Une tendance de fond qui concerne les médias auprès desquels 70% des Français recherchent information, éducation et exemplarité, à commencer par davantage d’informations sur la RSE.

Avec le déplacement des publics des médias traditionnels vers les nouveaux carrefours d’audiences stratégiques que sont les réseaux sociaux, le défi média devient aussi un défi social. C’est désormais sur LinkedIn et Twitter que se joue la bataille de l’attention pour les dirigeants. Pourtant en 2020, plus de 4 dirigeants sur 5 n’ont jamais échangé avec leur communauté sur Twitter, et seulement 1 sur 2 a publié sur LinkedIn.

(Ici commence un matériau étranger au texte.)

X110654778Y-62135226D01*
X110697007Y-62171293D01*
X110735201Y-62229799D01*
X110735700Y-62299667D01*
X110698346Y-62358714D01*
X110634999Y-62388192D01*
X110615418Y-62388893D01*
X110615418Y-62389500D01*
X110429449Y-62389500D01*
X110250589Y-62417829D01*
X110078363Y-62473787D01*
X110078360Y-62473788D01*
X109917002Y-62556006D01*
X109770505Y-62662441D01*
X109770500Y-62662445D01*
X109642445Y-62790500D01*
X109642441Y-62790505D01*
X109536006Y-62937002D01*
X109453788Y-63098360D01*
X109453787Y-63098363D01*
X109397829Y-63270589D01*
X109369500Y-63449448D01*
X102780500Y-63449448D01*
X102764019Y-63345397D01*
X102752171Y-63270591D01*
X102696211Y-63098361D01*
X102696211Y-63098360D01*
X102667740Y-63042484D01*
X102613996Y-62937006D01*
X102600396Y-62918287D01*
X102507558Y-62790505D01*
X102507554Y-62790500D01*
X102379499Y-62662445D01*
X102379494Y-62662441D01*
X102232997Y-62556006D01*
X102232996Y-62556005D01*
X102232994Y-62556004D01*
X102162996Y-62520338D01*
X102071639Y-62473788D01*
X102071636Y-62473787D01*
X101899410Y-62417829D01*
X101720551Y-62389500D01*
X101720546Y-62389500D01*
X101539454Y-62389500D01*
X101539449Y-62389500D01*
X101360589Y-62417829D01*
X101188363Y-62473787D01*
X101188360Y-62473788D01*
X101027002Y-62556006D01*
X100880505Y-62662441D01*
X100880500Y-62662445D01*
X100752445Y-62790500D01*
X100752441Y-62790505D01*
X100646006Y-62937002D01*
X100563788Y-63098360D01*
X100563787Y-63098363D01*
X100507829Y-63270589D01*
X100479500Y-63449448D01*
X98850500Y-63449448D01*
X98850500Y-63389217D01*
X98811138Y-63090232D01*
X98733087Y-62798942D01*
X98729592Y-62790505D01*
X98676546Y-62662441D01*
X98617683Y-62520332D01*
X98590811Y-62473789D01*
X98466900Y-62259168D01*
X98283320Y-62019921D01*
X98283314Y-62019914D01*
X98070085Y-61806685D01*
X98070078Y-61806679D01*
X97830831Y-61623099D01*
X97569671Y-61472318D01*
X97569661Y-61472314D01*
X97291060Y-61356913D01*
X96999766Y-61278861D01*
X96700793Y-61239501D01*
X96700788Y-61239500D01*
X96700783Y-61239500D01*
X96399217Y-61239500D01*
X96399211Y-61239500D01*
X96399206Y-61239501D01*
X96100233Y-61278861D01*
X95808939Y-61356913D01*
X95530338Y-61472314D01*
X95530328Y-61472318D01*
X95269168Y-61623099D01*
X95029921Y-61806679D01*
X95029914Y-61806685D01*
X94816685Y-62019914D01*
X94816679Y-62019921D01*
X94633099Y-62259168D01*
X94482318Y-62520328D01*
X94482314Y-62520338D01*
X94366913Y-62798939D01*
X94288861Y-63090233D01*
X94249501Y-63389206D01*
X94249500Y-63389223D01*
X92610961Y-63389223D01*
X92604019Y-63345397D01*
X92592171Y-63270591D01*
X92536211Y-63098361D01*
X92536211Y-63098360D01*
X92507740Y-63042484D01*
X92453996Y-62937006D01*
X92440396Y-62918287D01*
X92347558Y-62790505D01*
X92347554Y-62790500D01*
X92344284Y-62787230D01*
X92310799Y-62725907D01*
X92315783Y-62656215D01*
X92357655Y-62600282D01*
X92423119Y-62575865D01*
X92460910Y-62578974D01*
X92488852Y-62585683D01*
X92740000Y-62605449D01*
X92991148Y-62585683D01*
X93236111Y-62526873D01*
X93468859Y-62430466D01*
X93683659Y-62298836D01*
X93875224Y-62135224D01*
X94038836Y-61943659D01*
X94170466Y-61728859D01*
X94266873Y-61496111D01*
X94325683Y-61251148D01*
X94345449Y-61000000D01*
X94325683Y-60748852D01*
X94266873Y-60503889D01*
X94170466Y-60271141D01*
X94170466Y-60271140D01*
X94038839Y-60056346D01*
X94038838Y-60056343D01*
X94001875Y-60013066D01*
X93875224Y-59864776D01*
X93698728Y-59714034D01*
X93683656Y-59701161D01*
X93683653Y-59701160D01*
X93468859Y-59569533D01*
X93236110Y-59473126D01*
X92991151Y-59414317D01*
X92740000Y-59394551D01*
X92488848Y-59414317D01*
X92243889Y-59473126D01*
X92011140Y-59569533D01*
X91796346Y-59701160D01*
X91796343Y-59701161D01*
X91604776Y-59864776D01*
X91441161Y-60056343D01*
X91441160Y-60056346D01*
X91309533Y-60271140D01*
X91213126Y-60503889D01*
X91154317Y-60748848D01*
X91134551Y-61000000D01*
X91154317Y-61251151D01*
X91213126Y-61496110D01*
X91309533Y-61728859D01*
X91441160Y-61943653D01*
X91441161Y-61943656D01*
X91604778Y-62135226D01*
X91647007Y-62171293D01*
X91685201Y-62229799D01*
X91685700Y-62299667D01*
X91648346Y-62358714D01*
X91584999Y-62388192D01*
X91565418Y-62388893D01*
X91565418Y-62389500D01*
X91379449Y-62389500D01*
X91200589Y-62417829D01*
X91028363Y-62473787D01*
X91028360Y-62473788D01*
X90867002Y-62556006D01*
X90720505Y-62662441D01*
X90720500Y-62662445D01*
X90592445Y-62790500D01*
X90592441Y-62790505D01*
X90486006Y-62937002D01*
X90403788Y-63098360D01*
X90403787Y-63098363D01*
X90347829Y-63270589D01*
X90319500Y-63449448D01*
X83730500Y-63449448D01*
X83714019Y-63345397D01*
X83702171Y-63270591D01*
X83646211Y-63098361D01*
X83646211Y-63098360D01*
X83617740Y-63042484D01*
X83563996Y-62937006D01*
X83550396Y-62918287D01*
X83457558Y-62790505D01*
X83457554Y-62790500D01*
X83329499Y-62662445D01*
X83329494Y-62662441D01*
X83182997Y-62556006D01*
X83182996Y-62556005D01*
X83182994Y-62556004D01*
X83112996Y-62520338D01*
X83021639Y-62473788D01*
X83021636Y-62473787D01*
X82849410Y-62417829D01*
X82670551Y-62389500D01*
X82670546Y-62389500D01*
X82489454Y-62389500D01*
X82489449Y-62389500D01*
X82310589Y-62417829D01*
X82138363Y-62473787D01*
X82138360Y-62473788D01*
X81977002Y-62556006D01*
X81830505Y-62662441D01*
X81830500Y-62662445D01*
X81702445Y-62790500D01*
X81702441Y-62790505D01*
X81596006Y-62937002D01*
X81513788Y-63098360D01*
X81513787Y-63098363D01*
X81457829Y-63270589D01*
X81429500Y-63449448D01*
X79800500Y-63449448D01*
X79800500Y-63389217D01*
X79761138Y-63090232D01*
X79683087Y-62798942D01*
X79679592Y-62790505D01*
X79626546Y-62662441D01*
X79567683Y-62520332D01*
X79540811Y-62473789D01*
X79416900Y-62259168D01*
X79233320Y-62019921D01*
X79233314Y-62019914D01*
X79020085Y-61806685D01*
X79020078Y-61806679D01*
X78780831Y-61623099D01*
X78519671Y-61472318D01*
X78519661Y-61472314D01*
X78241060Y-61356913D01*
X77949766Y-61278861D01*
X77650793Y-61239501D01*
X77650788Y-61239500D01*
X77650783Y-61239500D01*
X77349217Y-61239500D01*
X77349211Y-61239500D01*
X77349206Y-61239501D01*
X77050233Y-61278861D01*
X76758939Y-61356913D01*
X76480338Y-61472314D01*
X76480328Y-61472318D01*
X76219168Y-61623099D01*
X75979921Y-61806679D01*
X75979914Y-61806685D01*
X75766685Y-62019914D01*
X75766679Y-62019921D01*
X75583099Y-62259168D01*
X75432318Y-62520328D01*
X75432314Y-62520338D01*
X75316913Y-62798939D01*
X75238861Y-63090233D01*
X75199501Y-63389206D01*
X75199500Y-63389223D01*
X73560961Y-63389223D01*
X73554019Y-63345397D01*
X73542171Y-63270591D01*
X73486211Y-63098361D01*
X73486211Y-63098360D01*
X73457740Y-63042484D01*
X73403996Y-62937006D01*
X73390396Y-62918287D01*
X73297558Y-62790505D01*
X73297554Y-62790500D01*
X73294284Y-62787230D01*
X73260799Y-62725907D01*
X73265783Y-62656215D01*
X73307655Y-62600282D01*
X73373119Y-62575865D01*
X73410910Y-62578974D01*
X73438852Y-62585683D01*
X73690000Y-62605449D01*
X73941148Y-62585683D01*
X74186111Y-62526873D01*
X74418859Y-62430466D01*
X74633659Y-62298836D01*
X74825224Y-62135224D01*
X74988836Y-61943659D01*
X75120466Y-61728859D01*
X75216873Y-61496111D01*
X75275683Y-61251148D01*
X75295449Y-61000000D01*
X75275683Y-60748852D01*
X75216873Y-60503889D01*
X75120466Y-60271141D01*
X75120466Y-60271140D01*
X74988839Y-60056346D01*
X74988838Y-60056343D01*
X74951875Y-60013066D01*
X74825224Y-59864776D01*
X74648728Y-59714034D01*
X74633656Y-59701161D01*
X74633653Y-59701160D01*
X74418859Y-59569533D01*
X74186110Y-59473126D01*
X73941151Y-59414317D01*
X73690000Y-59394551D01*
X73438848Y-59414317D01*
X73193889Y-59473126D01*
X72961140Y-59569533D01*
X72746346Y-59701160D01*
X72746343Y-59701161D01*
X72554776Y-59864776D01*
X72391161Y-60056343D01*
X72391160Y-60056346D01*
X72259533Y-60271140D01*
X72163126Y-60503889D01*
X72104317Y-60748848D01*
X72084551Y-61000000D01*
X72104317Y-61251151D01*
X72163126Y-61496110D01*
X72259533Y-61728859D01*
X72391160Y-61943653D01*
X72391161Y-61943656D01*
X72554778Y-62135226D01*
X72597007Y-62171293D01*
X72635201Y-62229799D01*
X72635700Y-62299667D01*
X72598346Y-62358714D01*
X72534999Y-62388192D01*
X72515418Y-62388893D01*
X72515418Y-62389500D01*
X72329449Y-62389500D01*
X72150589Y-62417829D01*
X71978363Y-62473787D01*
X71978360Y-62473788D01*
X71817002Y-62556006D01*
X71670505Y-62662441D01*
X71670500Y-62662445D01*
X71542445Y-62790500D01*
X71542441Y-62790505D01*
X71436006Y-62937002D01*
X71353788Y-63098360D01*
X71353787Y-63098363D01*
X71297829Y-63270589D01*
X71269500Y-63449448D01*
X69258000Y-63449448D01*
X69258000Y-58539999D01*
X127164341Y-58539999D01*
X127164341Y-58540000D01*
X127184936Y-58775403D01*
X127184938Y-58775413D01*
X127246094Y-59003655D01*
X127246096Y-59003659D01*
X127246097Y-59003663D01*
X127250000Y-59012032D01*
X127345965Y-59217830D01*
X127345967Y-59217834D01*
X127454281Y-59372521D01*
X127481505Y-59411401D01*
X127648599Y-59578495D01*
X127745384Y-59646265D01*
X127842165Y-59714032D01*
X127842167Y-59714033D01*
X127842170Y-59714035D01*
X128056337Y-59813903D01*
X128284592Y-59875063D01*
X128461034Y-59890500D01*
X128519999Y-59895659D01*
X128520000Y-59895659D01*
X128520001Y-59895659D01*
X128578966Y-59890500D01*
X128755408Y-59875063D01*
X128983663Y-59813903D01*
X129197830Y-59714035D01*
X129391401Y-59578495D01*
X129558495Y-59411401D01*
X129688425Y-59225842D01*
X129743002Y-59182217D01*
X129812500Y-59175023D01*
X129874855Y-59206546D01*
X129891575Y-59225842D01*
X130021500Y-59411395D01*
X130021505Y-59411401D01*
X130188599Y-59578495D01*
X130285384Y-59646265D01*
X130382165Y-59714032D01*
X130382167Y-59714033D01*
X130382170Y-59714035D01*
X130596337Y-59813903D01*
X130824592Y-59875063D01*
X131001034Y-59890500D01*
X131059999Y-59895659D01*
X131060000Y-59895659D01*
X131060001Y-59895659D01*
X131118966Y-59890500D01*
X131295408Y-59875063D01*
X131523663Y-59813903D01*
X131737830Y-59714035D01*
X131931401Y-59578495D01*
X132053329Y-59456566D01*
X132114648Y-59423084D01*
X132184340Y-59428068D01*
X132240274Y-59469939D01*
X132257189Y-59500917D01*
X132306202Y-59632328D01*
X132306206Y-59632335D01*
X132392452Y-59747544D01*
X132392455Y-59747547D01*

Les dirigeants qui ont su s’en saisir, early movers et pionniers d’une nouvelle forme de communication, en ont fait un atout concurrentiel fort au service de la réputation de leur entreprise comme de leur marque personnelle.

Mais comment activent-ils tout le potentiel des réseaux sociaux et quelle place consacrent-ils à la raison d’être et à la RSE ?

Alors qu’elle faisait encore l’objet de publications spécifiques il y a un an, la responsabilité sociétale des entreprises (RSE) semble aujourd’hui s’inviter subtilement dans la quasi-totalité des posts des dirigeants. Qu’ils parlent recrutement, innovation ou finance, les objectifs d’une activité plus responsable et la mise en place d’une organisation qui œuvre pour le bien commun apparaissent partout en filigrane. 

Et la stratégie fonctionne ! Pour preuve, parmi ceux qui engagent le plus, nombreux sont les dirigeants à se servir de la raison d’être de leur entreprise comme diapason de leur communication sur les réseaux sociaux. 

Leur secret ? Pertinence, authenticité et régularité : une communication incarnée qui change la donne, fait vivre et fédère autour de leurs missions et causes, un new deal qui fait émerger la notion de média positif et place le média au service d’une l’influence positive, qui partage les valeurs et suscite l’adhésion des communautés autour du projet fondateur de l’entreprise. Nous entrons dans l’ère de l’Influence for good. 

Le bénéfice : un leadership digital durable. Mais pour quel impact, comment le mesurer et en évaluer la durabilité ?

Le Score d’Influence, première mesure de l’engagement durable sur les réseaux sociaux 📈

L’engagement, indicateur central dans l’analyse de la performance sur les réseaux sociaux, traduit-il pour autant l’attachement à une entreprise, un désir durable et la fidélité à une marque ou un leader connecté ? 

Nous avons poussé plus loin cette réflexion et essayé de construire un indicateur qui ne se cantonnerait pas à l’affluence (le reach) ni aux interactions isolées de publications éparses (l’engagement d’une publication) mais serait à même de traduire le caractère durable de l’engagement, cette relation privilégiée qui lie un individu (consommateur, employé, actionnaire) à une marque, une organisation et son représentant, le dirigeant.

Le Score d’Influence est ainsi la première mesure de l’engagement durable sur les réseaux sociaux puisqu’il prend en compte l’exhaustivité des interactions dans la durée (sur une période de 12 mois consécutifs), sur des plateformes pourtant conçues pour l’instantanéité où la durée de vie des publications est très brève (la durée de vie moyenne d’une publication LinkedIn est de 24 heures et celle d’un Tweet de quelques heures uniquement). 

L’indicateur ultime et le meilleur moyen de connaître et mesurer l’étendue de son influence sur les réseaux sociaux professionnels. Contenu authentique et impactant, média positif et mesure de l’engagement durable : tous les ingrédients pour construire et tirer les bénéfices d’une démarche Influence for good.

Sources : Etude Comex les plus influents du SBF 120 AmazingContent, 2021 / Observatoire des entreprises à mission, 2021 / societeamission.com, 2021 / La responsabilité est aussi un « défi média » pour les marques, CB-Expert 2021

Entrent dans la liste des entreprises du SBF 120 celles présentes le 9 novembre 2020 sur le site Euronext. Avant la dernière révision de la composition de l’indice par le Conseil scientifique d’Euronext annoncée le 10 décemvre 2020, et la sortie de l’indice de DEVOTEAM suite à l’OPA en fin d’année.